Given information:

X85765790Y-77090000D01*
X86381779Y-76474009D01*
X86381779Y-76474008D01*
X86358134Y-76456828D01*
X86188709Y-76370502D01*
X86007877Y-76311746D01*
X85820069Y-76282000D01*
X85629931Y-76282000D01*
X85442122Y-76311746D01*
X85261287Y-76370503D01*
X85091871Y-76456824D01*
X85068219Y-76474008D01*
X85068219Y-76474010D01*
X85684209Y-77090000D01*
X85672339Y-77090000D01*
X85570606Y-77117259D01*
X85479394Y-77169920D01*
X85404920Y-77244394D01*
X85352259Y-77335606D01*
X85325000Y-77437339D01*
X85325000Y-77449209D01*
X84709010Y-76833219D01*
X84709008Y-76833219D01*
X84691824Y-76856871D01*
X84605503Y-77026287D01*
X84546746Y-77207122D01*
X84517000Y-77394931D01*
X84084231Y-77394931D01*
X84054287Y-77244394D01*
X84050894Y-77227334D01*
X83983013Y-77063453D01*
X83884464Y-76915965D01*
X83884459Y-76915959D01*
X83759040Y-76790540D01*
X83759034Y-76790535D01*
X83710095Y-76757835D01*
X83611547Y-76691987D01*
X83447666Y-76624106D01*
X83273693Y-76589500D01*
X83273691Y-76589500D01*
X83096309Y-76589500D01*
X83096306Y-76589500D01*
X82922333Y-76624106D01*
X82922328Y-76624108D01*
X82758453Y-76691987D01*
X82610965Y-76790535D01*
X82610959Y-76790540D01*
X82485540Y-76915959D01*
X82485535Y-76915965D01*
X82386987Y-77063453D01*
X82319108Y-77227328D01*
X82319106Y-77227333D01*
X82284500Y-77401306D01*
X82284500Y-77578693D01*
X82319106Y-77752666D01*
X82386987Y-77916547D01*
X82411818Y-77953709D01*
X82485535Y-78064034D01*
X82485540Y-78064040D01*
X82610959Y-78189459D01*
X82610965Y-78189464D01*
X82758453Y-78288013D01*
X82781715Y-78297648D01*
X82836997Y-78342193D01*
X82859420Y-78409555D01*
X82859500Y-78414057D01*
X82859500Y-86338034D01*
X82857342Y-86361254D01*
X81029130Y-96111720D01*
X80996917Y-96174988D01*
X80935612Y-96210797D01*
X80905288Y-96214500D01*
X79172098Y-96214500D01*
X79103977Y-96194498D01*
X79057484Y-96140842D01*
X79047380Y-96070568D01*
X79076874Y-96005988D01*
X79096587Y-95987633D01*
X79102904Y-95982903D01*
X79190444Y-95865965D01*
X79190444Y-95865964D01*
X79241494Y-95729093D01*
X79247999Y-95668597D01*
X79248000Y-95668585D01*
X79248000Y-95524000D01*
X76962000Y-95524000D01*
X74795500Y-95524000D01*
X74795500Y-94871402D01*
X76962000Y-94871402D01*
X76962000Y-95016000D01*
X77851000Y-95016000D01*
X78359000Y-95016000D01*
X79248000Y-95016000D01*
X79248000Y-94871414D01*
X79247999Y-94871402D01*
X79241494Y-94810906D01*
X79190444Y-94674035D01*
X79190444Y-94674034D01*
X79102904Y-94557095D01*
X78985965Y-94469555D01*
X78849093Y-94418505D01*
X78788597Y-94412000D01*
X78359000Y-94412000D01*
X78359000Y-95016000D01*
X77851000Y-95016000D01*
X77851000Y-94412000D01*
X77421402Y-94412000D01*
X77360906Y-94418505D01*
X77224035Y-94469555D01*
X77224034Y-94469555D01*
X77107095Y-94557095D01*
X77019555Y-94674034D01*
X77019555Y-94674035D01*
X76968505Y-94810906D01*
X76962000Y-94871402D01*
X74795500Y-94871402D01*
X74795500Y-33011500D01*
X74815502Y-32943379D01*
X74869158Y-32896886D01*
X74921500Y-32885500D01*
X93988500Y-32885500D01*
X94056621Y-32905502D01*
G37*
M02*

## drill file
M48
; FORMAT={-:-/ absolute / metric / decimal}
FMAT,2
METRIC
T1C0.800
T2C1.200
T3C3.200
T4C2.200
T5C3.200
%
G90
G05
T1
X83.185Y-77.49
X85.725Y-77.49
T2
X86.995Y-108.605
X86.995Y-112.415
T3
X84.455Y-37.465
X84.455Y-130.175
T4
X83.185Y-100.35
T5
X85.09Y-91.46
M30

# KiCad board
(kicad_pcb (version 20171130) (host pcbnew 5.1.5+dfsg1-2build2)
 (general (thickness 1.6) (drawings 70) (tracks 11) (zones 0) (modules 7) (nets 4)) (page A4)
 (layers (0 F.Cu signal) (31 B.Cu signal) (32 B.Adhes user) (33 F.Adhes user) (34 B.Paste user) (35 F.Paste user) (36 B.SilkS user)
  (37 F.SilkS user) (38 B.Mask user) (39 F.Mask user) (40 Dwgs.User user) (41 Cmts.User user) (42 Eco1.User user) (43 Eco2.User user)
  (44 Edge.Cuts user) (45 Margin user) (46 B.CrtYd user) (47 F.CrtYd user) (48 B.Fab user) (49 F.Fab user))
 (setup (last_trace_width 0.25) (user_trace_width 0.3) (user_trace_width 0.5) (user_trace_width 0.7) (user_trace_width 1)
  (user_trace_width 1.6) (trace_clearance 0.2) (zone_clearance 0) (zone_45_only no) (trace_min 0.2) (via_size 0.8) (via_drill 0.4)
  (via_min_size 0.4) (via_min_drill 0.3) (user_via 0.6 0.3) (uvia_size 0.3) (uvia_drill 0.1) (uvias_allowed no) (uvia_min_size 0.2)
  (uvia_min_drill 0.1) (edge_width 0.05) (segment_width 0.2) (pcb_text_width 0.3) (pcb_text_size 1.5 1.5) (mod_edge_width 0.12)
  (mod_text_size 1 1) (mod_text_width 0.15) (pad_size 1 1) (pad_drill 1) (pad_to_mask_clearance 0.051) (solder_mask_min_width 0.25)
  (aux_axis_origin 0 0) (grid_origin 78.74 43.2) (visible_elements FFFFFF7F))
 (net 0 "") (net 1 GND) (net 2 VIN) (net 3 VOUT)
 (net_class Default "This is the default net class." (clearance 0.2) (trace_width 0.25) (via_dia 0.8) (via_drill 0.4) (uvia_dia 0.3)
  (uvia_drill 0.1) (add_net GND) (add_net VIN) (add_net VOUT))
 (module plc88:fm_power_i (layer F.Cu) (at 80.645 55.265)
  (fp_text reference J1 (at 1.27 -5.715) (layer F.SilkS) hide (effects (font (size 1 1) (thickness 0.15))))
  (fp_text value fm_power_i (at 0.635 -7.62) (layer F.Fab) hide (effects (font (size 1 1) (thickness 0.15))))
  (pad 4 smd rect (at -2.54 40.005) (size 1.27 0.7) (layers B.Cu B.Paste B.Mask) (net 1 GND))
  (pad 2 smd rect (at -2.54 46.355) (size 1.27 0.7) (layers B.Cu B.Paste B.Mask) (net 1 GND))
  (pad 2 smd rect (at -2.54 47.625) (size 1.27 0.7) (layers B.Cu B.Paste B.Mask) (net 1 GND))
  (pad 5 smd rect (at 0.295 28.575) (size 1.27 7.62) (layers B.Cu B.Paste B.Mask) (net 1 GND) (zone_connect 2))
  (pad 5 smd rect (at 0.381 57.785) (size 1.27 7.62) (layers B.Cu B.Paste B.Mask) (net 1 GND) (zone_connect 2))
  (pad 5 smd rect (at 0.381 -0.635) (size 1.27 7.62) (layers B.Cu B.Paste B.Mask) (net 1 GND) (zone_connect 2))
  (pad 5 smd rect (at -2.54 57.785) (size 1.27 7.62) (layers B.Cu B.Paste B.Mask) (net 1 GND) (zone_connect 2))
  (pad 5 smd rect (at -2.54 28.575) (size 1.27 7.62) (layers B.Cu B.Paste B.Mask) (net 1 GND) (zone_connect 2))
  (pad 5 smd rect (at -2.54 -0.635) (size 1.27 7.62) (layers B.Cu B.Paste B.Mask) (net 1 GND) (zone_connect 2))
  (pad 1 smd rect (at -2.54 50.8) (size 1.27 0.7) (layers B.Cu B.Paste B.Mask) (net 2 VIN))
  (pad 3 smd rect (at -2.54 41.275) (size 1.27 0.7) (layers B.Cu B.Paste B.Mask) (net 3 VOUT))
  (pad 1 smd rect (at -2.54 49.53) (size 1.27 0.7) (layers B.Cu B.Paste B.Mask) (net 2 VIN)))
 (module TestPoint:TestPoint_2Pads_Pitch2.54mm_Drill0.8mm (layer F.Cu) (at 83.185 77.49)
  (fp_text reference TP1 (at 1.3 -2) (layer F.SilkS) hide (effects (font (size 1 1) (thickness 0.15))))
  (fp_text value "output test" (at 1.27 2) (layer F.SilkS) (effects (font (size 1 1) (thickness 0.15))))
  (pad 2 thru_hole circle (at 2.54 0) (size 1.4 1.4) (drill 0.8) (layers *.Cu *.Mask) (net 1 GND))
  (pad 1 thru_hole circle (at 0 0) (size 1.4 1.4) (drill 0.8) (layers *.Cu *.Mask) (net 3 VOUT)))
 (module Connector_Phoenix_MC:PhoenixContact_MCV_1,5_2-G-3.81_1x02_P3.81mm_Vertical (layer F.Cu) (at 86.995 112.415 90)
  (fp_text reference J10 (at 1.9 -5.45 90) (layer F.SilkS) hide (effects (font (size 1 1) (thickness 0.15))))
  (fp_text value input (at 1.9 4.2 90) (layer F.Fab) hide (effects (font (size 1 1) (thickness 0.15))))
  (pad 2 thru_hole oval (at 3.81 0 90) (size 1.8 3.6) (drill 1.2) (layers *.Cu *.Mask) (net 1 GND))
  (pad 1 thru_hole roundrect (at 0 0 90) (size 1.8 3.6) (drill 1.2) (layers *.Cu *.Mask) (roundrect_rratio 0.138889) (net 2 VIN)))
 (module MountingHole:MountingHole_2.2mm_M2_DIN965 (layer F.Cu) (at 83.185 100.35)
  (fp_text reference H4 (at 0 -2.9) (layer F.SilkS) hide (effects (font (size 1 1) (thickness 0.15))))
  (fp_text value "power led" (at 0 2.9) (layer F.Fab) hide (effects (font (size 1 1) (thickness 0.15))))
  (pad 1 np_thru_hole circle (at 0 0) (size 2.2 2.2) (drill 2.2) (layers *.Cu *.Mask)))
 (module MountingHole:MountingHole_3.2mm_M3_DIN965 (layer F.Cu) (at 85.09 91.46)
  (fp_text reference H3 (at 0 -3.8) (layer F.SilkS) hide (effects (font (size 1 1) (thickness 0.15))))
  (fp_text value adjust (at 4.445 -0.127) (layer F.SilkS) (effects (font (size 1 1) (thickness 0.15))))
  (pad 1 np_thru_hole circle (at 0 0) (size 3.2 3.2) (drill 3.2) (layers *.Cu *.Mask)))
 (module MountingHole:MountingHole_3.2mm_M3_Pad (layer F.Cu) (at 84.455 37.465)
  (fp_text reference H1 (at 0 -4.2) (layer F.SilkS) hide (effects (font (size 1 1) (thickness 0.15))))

The problem:
Up to the line containing "(module MountingHole:MountingHole_3.2mm_M3_DIN965 (layer", skip everything; from that line through the last line above, return each line exactly.

Finished task:
 (module MountingHole:MountingHole_3.2mm_M3_DIN965 (layer F.Cu) (at 85.09 91.46)
  (fp_text reference H3 (at 0 -3.8) (layer F.SilkS) hide (effects (font (size 1 1) (thickness 0.15))))
  (fp_text value adjust (at 4.445 -0.127) (layer F.SilkS) (effects (font (size 1 1) (thickness 0.15))))
  (pad 1 np_thru_hole circle (at 0 0) (size 3.2 3.2) (drill 3.2) (layers *.Cu *.Mask)))
 (module MountingHole:MountingHole_3.2mm_M3_Pad (layer F.Cu) (at 84.455 37.465)
  (fp_text reference H1 (at 0 -4.2) (layer F.SilkS) hide (effects (font (size 1 1) (thickness 0.15))))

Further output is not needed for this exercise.